CMS did say in the guidance that it would consider R&D costs and recoupment status, unit costs of production, prior federal support, and the other data collected from manufacturers, which could subsequently move the starting point up or down. “They don’t just use therapeutic alternatives and call it a day,” Knievel acknowledged. However, using the prices of alternatives as the initial benchmark could set prices artificially high.
A request for comment from CMS was not returned. [UPDATE: After publication, a CMS spokesperson said: “CMS is committed to collaborating and engaging with the public in the implementation of the Medicare Drug Price Negotiation Program... this initial guidance is one tool, among many, that CMS will use to ensure interested parties know when and how they can make their voices heard on implementation of this new drug law.”]
THE DEVIL IS IN THE DETAILS of how else to determine a first offer. Knievel offered that R&D and unit costs should be the primary factors, modified by whether the medication is a therapeutic advancement. The pitfall is that this would have to be informed by some level of effectiveness data. “Why should the price of some poison that doesn’t work be the cost of its R&D?” asked Lawson. So you’d ideally want to negotiate a price that in some way builds in the value of the drug.
But as soon as you do that, you wander into the minefield that is quality-adjusted life years (QALYs), which are often used to exclude people with disabilities who need the drugs the most. For this reason, the IRA specifically prevents CMS from using clinical evidence that “treats extending the life of an individual who is elderly, disabled, or terminally ill as of lower value than extending the life of an individual who is younger, nondisabled, or not terminally ill.” While absolutely legitimate, this approach limits the possibility of augmenting an R&D or unit cost approach.
Another option, of course, would be an international reference point, where prices are often several times less. That would bring the perspective of systems that base prices on public health rather than profit-taking. But international reference pricing was not included in the statute.
The least-worst alternative, advocates say, would be to look at a variety of data, which CMS is sort of doing. But baking in prices of alternative therapeutics from the jump severely damages that approach.
The pharmaceutical industry, of course, is comfortable with the idea of basing negotiations on their already high prices. In industry trade group PhRMA’s comment letter, it offered little pushback on the alternative therapeutics approach. Mainly, it sought to elongate the process, by suggesting that CMS get public comment for its initial offer, and that drug industry officials get to meet three times with CMS before making a counteroffer.

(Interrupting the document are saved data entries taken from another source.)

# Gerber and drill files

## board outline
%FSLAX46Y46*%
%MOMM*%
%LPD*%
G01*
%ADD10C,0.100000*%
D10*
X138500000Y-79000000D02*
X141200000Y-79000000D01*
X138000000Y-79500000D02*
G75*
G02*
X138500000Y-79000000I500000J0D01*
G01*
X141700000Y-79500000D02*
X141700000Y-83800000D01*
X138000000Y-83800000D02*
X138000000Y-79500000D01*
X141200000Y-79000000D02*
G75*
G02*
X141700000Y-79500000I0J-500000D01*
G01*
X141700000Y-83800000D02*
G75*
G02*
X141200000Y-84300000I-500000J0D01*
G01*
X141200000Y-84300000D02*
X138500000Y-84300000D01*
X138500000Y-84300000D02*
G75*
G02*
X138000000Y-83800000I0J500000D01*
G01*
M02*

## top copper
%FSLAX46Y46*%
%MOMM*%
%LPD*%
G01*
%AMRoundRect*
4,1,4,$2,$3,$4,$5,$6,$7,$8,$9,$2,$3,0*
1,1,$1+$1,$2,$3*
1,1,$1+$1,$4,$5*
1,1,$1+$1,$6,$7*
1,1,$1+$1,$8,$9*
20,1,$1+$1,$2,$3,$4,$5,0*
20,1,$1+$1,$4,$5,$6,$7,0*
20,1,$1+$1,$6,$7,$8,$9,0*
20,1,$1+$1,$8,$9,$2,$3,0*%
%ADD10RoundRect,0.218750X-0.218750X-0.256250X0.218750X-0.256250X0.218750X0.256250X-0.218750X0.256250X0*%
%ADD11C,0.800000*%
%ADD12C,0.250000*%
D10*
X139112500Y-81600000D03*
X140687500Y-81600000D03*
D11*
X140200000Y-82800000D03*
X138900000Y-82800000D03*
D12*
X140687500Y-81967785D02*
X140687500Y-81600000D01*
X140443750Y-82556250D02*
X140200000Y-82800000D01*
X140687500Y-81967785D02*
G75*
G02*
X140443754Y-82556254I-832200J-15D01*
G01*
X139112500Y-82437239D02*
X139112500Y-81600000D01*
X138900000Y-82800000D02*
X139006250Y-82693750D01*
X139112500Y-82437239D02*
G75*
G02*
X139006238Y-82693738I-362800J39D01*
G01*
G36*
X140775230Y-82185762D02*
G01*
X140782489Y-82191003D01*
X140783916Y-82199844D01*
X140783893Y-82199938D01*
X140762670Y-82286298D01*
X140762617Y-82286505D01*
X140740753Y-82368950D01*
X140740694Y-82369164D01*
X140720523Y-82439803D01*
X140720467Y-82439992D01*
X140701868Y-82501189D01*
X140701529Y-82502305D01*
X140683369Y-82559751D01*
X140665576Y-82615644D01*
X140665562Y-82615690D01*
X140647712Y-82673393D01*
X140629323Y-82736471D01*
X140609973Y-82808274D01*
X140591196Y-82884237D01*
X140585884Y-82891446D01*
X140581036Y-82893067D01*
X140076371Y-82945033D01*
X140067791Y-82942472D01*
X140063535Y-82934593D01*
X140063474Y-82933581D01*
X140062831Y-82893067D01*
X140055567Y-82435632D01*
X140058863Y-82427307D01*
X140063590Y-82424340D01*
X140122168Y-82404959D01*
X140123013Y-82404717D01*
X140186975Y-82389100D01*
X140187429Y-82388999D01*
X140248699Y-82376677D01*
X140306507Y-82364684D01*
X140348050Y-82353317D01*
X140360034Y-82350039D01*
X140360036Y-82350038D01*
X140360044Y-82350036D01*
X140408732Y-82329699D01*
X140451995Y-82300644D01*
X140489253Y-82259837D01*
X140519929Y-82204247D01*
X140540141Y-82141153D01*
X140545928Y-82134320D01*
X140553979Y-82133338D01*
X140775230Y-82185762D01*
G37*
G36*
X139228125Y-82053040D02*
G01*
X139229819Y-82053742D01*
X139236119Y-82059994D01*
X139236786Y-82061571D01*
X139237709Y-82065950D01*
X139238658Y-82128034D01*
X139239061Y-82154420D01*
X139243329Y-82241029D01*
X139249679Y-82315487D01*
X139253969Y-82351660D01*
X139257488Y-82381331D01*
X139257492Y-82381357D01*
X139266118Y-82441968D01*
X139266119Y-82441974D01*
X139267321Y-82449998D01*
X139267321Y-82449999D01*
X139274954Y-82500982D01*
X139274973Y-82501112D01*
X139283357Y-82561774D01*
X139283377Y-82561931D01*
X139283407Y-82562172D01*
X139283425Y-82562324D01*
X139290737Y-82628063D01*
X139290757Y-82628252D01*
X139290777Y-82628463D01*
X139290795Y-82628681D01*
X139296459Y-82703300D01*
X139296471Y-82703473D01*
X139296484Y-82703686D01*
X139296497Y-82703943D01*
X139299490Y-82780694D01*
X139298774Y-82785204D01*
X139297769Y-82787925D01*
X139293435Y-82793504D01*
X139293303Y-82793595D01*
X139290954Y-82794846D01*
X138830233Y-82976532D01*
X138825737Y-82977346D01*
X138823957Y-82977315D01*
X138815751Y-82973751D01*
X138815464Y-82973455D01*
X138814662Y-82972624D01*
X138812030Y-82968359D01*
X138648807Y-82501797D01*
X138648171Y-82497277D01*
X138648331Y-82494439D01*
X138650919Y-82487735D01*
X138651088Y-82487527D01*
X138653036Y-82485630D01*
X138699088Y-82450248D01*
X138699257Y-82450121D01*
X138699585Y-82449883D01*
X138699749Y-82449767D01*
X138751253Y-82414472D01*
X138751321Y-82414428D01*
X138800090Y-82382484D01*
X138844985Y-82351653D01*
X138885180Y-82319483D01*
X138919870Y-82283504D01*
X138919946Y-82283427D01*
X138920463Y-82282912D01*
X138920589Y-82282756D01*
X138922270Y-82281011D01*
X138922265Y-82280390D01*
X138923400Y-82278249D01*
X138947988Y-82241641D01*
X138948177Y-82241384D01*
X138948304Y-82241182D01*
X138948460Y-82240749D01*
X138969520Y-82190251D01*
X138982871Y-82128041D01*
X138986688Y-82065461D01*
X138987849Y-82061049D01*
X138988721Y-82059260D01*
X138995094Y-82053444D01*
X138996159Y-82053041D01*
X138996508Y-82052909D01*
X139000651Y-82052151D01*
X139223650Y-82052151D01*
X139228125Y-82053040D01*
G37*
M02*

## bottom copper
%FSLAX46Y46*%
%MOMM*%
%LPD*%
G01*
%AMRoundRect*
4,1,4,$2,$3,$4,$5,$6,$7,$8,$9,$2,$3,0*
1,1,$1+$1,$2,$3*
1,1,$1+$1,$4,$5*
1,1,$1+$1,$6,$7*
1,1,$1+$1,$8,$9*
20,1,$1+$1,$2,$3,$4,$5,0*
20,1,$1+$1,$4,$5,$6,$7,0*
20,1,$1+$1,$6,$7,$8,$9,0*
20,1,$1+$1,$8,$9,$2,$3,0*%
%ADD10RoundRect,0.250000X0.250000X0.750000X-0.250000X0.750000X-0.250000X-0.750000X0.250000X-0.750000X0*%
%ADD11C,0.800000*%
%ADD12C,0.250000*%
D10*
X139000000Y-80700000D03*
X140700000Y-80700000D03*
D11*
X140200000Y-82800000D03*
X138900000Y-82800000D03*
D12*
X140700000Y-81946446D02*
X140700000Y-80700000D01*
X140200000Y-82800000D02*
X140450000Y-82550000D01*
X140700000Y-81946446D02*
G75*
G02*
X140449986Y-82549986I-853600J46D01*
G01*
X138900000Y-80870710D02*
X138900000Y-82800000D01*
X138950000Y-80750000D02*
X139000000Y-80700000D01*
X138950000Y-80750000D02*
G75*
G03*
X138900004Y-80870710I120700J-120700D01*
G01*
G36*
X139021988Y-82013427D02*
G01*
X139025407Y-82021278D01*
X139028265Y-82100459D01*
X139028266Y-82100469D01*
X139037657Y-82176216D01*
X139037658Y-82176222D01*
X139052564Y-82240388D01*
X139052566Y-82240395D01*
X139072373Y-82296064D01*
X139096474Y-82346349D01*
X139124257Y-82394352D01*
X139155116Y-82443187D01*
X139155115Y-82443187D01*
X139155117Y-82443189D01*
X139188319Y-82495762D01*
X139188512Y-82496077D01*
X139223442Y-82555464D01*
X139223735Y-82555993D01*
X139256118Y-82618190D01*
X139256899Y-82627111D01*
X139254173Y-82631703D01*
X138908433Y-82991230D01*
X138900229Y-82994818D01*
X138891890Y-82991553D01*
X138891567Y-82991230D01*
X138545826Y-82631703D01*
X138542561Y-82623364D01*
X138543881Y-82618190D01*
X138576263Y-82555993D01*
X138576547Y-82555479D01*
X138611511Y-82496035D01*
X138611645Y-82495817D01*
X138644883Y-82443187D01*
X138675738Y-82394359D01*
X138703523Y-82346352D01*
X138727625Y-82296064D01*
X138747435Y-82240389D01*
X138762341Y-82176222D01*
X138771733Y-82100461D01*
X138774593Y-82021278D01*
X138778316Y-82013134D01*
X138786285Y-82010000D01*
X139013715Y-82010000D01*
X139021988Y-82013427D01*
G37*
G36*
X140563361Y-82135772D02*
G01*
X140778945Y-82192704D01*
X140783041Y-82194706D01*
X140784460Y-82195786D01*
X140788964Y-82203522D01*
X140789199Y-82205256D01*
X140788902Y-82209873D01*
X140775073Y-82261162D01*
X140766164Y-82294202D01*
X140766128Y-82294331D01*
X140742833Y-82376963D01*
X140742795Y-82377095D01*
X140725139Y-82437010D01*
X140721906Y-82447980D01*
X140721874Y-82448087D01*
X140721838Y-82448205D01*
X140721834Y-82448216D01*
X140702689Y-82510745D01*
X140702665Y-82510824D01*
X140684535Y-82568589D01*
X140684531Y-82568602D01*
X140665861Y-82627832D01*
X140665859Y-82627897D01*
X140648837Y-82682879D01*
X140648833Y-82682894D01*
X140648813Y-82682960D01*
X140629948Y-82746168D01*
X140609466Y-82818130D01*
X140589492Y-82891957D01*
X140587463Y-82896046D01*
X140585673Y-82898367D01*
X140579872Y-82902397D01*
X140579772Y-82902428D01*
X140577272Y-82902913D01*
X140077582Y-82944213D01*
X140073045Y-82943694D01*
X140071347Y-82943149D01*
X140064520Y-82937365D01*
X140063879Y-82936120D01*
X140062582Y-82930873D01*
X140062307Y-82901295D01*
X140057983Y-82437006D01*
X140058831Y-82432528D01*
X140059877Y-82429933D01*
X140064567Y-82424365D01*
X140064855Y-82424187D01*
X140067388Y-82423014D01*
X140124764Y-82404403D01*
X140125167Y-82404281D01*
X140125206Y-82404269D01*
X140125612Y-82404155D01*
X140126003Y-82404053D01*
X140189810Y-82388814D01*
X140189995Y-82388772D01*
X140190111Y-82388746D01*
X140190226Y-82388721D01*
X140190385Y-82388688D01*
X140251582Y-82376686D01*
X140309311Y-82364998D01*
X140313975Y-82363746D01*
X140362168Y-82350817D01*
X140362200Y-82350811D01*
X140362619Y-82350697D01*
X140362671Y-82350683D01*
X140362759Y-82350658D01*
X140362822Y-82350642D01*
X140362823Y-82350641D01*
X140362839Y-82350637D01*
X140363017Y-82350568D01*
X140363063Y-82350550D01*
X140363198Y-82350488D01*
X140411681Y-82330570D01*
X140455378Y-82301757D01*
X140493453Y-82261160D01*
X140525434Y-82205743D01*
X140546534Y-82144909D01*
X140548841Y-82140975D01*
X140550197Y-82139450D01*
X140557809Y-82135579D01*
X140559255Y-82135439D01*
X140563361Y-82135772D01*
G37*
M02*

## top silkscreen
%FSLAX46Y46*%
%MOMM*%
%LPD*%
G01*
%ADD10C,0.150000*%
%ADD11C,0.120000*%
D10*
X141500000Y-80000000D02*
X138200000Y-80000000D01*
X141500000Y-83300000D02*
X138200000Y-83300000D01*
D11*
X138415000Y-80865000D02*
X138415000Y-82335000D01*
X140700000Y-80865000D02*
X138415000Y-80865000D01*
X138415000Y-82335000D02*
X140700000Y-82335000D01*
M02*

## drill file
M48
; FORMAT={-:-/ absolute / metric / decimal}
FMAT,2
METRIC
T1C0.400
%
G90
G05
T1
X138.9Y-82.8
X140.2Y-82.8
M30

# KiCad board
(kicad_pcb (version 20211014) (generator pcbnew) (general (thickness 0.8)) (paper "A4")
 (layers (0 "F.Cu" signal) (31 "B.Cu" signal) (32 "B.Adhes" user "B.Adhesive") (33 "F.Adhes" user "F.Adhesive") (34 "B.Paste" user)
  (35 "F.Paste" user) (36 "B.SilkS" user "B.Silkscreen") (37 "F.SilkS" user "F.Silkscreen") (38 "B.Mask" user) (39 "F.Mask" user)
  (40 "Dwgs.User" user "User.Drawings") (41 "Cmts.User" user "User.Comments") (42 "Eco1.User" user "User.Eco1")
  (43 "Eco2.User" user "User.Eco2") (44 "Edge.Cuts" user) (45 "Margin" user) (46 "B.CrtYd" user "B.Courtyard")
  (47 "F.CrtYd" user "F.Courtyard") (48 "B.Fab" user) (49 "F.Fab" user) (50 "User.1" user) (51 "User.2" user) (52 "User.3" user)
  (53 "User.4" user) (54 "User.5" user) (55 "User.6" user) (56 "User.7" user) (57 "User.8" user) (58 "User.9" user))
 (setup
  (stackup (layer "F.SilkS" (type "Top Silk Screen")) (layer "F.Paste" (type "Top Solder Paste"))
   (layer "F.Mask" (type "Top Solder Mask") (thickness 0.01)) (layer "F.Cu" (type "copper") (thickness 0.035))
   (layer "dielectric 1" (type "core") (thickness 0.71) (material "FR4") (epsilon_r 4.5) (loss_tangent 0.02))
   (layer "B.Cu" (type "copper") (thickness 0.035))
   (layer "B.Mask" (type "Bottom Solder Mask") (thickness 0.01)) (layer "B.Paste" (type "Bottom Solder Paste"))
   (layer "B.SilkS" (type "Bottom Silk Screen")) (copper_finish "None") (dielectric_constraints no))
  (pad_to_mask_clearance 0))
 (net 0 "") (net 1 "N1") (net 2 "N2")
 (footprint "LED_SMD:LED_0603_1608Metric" (layer "F.Cu") (at 139.9 81.6)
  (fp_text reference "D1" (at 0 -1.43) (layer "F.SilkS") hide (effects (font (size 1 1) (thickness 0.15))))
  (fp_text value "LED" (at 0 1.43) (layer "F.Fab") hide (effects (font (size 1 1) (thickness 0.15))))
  (fp_line (start -1.485 -0.735) (end -1.485 0.735) (layer "F.SilkS") (width 0.12))
  (fp_line (start 0.8 -0.735) (end -1.485 -0.735) (layer "F.SilkS") (width 0.12))
  (fp_line (start -1.485 0.735) (end 0.8 0.735) (layer "F.SilkS") (width 0.12))
  (pad "1" smd roundrect (at -0.7875 0) (size 0.875 0.95) (layers "F.Cu" "F.Paste" "F.Mask") (roundrect_rratio 0.25) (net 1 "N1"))
  (pad "2" smd roundrect (at 0.7875 0) (size 0.875 0.95) (layers "F.Cu" "F.Paste" "F.Mask") (roundrect_rratio 0.25) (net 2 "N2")))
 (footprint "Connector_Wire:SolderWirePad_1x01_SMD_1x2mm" (layer "B.Cu") (at 139 80.7 180)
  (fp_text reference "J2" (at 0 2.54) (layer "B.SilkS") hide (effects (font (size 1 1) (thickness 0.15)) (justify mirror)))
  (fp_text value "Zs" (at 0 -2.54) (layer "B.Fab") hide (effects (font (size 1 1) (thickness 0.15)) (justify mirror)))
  (pad "1" smd roundrect (at 0 0 180) (size 1 2) (layers "B.Cu" "B.Paste" "B.Mask") (roundrect_rratio 0.25) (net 1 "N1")))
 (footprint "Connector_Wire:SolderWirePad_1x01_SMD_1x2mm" (layer "B.Cu") (at 140.7 80.7 180)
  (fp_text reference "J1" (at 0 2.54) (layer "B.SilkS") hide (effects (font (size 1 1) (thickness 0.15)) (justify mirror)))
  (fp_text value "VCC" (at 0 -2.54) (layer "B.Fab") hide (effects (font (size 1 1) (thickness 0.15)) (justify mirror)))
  (pad "1" smd roundrect (at 0 0 180) (size 1 2) (layers "B.Cu" "B.Paste" "B.Mask") (roundrect_rratio 0.25) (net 2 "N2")))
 (gr_line (start 141.5 80) (end 138.2 80) (layer "F.SilkS") (width 0.15))
 (gr_line (start 141.5 83.3) (end 138.2 83.3) (layer "F.SilkS") (width 0.15))
 (gr_line (start 138.5 79) (end 141.2 79) (layer "Edge.Cuts") (width 0.1))
 (gr_arc (start 138 79.5) (mid 138.146447 79.146447) (end 138.5 79) (layer "Edge.Cuts") (width 0.1))
 (gr_line (start 141.7 79.5) (end 141.7 83.8) (layer "Edge.Cuts") (width 0.1))
 (gr_line (start 138 83.8) (end 138 79.5) (layer "Edge.Cuts") (width 0.1))
 (gr_arc (start 141.2 79) (mid 141.553553 79.146447) (end 141.7 79.5) (layer "Edge.Cuts") (width 0.1))
 (gr_arc (start 141.7 83.8) (mid 141.553553 84.153553) (end 141.2 84.3) (layer "Edge.Cuts") (width 0.1))
 (gr_line (start 141.2 84.3) (end 138.5 84.3) (layer "Edge.Cuts") (width 0.1))
 (gr_arc (start 138.5 84.3) (mid 138.146447 84.153553) (end 138 83.8) (layer "Edge.Cuts") (width 0.1))
 (segment (start 140.6875 81.967785) (end 140.6875 81.6) (width 0.25) (layer "F.Cu") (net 2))
 (segment (start 140.44375 82.55625) (end 140.2 82.8) (width 0.25) (layer "F.Cu") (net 2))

PhRMA also wants manufacturers to be the primary resources to decide what a therapeutic alternative is, and asked that a “greater weight” be placed on the benefits of medications, clearly hoping to have the price offers increase on those terms. And of course, the industry lobby says, “cost cannot play a role in determination of a selected drug’s therapeutic alternative or clinical comparator.”
The decision on this wonky reference point could determine whether Medicare price negotiation is a triumph or an ineffective nothingburger. Given how much weight the Biden administration and Democrats in Congress have put on the historic nature of passing legislation that takes on the drug companies, they cannot afford to blow it in implementation.